## Task goal
The required output is the lines below from the line containing "X85725000Y-109063518D02*" to the line containing "X90001352Y-116130010D01*", inclusive, retyped exactly. No other lines belong in it.

## Data records
▼

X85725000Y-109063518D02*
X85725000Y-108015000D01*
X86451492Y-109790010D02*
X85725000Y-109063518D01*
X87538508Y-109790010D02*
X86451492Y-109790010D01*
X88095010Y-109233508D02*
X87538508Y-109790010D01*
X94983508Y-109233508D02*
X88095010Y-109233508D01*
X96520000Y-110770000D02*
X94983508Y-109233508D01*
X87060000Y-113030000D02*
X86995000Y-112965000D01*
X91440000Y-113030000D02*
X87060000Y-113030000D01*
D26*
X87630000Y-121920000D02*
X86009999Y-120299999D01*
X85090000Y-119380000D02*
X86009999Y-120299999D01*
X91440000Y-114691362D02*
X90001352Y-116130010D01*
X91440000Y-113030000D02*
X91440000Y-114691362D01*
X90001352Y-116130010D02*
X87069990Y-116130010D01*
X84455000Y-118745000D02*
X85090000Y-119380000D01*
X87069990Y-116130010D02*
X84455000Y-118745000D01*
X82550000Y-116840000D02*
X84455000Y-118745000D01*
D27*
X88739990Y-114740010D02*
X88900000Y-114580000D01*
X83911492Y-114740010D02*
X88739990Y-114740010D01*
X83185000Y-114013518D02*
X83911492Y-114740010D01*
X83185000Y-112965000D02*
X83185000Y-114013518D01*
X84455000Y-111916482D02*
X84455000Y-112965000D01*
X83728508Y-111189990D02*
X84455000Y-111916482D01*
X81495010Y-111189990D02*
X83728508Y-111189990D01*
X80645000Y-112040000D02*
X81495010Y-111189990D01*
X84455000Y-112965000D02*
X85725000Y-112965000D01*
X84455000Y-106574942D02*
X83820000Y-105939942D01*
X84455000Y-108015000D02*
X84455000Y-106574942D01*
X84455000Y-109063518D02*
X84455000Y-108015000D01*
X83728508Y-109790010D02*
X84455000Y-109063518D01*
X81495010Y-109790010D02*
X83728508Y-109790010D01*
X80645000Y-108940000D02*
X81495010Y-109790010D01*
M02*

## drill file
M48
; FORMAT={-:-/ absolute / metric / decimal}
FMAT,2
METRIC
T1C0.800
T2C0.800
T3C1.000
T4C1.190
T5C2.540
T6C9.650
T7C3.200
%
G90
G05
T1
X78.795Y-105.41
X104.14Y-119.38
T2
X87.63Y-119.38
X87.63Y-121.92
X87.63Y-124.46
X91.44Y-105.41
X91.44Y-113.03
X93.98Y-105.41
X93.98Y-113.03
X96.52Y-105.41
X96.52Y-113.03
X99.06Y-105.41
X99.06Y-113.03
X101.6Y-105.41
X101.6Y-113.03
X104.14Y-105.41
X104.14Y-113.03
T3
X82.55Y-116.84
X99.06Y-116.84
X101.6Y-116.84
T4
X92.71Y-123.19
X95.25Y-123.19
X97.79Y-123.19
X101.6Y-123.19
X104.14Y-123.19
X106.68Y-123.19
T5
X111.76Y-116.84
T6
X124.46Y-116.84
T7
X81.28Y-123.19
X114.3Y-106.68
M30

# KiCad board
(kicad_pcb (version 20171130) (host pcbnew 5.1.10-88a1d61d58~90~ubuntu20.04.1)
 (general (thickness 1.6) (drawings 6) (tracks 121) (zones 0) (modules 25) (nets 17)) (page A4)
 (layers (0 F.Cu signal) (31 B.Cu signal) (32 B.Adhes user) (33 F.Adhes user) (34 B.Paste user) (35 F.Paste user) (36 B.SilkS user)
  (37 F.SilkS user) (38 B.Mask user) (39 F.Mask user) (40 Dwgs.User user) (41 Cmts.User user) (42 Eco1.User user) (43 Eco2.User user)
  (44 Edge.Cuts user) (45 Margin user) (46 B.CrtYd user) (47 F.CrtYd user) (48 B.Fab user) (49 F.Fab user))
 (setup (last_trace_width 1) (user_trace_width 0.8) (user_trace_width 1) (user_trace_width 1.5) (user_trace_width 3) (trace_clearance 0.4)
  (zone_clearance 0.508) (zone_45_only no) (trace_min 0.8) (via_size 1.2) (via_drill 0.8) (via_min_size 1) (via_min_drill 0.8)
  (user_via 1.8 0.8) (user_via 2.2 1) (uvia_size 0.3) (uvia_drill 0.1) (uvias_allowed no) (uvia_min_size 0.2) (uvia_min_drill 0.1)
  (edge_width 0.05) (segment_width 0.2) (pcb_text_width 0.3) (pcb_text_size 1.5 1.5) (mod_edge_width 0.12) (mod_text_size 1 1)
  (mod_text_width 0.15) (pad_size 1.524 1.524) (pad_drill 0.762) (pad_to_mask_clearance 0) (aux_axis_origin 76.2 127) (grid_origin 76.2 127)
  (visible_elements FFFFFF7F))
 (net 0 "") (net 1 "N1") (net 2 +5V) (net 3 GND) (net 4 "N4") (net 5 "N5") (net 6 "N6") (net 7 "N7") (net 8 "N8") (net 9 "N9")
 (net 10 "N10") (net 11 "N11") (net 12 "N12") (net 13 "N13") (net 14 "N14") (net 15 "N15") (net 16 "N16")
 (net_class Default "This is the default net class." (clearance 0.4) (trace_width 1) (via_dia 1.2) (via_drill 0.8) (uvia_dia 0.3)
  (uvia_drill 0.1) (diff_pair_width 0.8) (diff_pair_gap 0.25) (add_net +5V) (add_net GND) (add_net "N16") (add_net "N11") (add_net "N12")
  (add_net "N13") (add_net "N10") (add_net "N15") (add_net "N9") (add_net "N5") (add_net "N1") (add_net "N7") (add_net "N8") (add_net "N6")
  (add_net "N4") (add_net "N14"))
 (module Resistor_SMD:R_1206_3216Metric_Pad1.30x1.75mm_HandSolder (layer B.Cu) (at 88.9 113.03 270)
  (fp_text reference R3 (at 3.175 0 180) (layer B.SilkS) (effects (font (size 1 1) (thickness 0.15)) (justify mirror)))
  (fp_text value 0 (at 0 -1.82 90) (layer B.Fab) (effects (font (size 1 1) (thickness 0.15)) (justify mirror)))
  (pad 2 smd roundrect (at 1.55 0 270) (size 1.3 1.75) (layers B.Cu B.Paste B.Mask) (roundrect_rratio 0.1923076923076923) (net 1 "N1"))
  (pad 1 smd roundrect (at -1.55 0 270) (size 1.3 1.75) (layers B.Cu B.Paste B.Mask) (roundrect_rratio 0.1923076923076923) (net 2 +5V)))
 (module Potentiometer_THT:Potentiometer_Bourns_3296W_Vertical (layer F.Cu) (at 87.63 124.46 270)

▲
▼

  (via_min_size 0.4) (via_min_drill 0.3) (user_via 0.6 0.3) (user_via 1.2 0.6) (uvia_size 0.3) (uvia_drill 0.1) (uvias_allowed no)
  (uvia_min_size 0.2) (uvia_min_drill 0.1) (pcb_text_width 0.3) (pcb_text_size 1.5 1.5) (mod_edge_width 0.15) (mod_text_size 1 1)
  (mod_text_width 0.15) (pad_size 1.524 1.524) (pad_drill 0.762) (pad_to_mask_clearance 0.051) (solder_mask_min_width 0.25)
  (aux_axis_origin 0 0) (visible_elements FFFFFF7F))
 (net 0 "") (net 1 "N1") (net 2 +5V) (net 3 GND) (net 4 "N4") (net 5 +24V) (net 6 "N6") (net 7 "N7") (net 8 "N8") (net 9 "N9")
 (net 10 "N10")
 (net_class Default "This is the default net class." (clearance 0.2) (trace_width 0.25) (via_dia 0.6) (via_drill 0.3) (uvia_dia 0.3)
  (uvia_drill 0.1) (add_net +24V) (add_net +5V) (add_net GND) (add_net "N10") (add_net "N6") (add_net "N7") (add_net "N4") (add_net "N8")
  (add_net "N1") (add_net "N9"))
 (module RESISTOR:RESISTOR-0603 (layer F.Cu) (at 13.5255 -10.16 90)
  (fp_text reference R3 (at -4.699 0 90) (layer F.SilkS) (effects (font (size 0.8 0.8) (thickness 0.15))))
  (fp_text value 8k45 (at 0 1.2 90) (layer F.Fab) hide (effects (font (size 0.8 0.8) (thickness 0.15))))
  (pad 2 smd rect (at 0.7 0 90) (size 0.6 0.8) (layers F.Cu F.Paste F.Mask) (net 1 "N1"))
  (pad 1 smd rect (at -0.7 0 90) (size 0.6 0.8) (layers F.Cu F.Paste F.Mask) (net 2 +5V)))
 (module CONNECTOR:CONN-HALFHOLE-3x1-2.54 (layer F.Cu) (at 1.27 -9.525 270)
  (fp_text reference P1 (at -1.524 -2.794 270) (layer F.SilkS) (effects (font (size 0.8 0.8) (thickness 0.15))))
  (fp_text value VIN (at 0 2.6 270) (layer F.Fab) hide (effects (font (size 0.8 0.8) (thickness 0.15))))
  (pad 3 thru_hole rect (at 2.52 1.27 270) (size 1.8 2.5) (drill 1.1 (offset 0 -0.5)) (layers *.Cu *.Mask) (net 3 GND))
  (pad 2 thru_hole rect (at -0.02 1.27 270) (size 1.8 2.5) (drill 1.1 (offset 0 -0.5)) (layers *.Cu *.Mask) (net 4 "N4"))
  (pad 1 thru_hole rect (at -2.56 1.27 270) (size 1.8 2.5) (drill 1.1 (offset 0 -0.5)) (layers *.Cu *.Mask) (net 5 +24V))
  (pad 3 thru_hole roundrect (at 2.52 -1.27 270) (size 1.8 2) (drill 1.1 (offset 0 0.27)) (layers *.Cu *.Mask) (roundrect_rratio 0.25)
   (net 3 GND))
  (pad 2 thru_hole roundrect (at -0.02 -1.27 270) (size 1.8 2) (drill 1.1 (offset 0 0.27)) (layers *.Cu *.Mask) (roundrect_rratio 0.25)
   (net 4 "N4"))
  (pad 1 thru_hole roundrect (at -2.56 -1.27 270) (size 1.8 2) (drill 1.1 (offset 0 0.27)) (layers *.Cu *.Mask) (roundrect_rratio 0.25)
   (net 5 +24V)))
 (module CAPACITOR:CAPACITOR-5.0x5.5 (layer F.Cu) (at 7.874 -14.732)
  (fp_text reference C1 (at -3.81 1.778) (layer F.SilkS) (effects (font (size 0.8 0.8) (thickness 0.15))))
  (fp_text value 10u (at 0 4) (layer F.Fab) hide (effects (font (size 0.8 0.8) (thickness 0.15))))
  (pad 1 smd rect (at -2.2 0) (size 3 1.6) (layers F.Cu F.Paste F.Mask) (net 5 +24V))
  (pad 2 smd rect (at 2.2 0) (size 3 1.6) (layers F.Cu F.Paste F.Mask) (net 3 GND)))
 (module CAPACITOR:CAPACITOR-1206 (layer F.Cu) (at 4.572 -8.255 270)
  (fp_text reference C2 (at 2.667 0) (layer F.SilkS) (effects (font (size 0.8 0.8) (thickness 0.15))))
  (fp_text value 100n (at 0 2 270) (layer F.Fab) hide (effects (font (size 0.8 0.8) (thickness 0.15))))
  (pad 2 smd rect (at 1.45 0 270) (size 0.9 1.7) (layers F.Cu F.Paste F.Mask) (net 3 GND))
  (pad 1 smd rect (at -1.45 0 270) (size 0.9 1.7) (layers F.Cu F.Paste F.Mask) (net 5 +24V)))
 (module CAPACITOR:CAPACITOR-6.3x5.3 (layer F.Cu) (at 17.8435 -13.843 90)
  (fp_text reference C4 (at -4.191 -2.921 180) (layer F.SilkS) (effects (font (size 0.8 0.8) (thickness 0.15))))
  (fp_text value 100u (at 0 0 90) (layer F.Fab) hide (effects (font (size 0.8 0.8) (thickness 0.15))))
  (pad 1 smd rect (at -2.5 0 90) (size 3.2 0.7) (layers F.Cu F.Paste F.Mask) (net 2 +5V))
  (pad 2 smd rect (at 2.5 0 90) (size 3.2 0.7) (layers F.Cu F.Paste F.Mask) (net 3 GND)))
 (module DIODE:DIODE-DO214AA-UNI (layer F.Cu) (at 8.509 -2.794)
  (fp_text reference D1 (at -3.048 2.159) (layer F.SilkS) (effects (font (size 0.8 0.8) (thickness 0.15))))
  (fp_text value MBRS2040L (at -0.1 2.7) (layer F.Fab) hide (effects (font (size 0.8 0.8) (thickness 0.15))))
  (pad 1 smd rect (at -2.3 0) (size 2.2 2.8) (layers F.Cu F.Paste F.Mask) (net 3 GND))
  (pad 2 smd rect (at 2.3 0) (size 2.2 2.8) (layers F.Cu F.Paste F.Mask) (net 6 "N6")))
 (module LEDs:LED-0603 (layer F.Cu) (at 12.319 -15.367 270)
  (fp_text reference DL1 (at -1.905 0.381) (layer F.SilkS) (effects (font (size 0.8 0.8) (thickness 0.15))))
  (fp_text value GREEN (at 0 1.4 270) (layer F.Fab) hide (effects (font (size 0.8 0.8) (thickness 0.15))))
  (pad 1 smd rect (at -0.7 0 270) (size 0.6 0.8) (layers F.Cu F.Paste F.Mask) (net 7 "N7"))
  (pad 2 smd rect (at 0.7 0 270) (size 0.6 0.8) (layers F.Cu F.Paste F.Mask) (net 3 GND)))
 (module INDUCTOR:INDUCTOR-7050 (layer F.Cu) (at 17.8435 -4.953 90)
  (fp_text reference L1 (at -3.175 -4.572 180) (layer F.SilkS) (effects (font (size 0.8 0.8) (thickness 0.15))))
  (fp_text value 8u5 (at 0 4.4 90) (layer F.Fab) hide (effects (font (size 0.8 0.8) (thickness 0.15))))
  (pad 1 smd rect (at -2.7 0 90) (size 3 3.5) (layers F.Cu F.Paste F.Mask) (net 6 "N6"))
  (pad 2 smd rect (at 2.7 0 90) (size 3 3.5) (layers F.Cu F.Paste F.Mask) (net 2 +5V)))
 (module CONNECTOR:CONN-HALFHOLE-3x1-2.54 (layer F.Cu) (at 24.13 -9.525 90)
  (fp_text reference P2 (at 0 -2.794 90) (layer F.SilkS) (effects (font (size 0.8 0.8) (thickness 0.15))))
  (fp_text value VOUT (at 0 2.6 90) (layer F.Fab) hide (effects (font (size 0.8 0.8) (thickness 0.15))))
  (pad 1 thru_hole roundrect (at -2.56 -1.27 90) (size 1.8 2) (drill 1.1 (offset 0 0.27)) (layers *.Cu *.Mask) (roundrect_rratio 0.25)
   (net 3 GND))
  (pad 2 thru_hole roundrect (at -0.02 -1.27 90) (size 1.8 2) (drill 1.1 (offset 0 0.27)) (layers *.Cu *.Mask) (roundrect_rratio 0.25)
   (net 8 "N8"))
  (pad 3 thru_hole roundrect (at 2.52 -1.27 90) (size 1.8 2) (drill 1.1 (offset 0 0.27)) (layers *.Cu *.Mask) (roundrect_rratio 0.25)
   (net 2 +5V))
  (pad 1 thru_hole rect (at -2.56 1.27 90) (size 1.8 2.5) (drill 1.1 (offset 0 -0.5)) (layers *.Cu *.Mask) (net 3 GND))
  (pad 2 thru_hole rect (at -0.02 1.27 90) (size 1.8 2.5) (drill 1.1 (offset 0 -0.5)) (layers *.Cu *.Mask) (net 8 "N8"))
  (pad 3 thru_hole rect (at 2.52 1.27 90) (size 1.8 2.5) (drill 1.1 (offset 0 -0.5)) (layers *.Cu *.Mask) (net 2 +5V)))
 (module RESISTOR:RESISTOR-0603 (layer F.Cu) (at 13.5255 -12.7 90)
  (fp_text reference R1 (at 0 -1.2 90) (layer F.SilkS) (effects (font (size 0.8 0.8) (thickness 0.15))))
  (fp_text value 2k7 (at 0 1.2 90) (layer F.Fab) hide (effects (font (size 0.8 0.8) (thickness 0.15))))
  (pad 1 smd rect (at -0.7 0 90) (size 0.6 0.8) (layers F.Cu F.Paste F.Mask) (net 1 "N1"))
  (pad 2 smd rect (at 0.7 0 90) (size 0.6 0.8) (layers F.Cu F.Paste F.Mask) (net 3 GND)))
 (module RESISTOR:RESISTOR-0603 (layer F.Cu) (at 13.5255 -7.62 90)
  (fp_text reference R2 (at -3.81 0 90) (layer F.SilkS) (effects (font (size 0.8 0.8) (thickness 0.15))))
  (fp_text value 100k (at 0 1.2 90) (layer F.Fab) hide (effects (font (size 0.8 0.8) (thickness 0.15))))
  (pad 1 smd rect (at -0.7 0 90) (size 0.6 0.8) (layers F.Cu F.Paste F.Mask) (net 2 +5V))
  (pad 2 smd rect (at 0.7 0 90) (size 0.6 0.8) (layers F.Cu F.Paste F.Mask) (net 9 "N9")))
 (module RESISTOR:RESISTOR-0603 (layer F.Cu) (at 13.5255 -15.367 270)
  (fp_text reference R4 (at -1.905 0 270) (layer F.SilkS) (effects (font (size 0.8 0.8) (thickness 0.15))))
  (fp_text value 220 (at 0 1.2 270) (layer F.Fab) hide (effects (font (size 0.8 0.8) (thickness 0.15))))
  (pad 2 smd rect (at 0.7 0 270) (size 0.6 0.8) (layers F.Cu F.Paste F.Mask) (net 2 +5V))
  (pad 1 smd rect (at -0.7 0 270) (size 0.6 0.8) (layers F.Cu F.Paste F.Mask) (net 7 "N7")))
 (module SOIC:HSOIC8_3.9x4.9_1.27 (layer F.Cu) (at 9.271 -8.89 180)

▲

## Exercise answer
X85725000Y-109063518D02*
X85725000Y-108015000D01*
X86451492Y-109790010D02*
X85725000Y-109063518D01*
X87538508Y-109790010D02*
X86451492Y-109790010D01*
X88095010Y-109233508D02*
X87538508Y-109790010D01*
X94983508Y-109233508D02*
X88095010Y-109233508D01*
X96520000Y-110770000D02*
X94983508Y-109233508D01*
X87060000Y-113030000D02*
X86995000Y-112965000D01*
X91440000Y-113030000D02*
X87060000Y-113030000D01*
D26*
X87630000Y-121920000D02*
X86009999Y-120299999D01*
X85090000Y-119380000D02*
X86009999Y-120299999D01*
X91440000Y-114691362D02*
X90001352Y-116130010D01*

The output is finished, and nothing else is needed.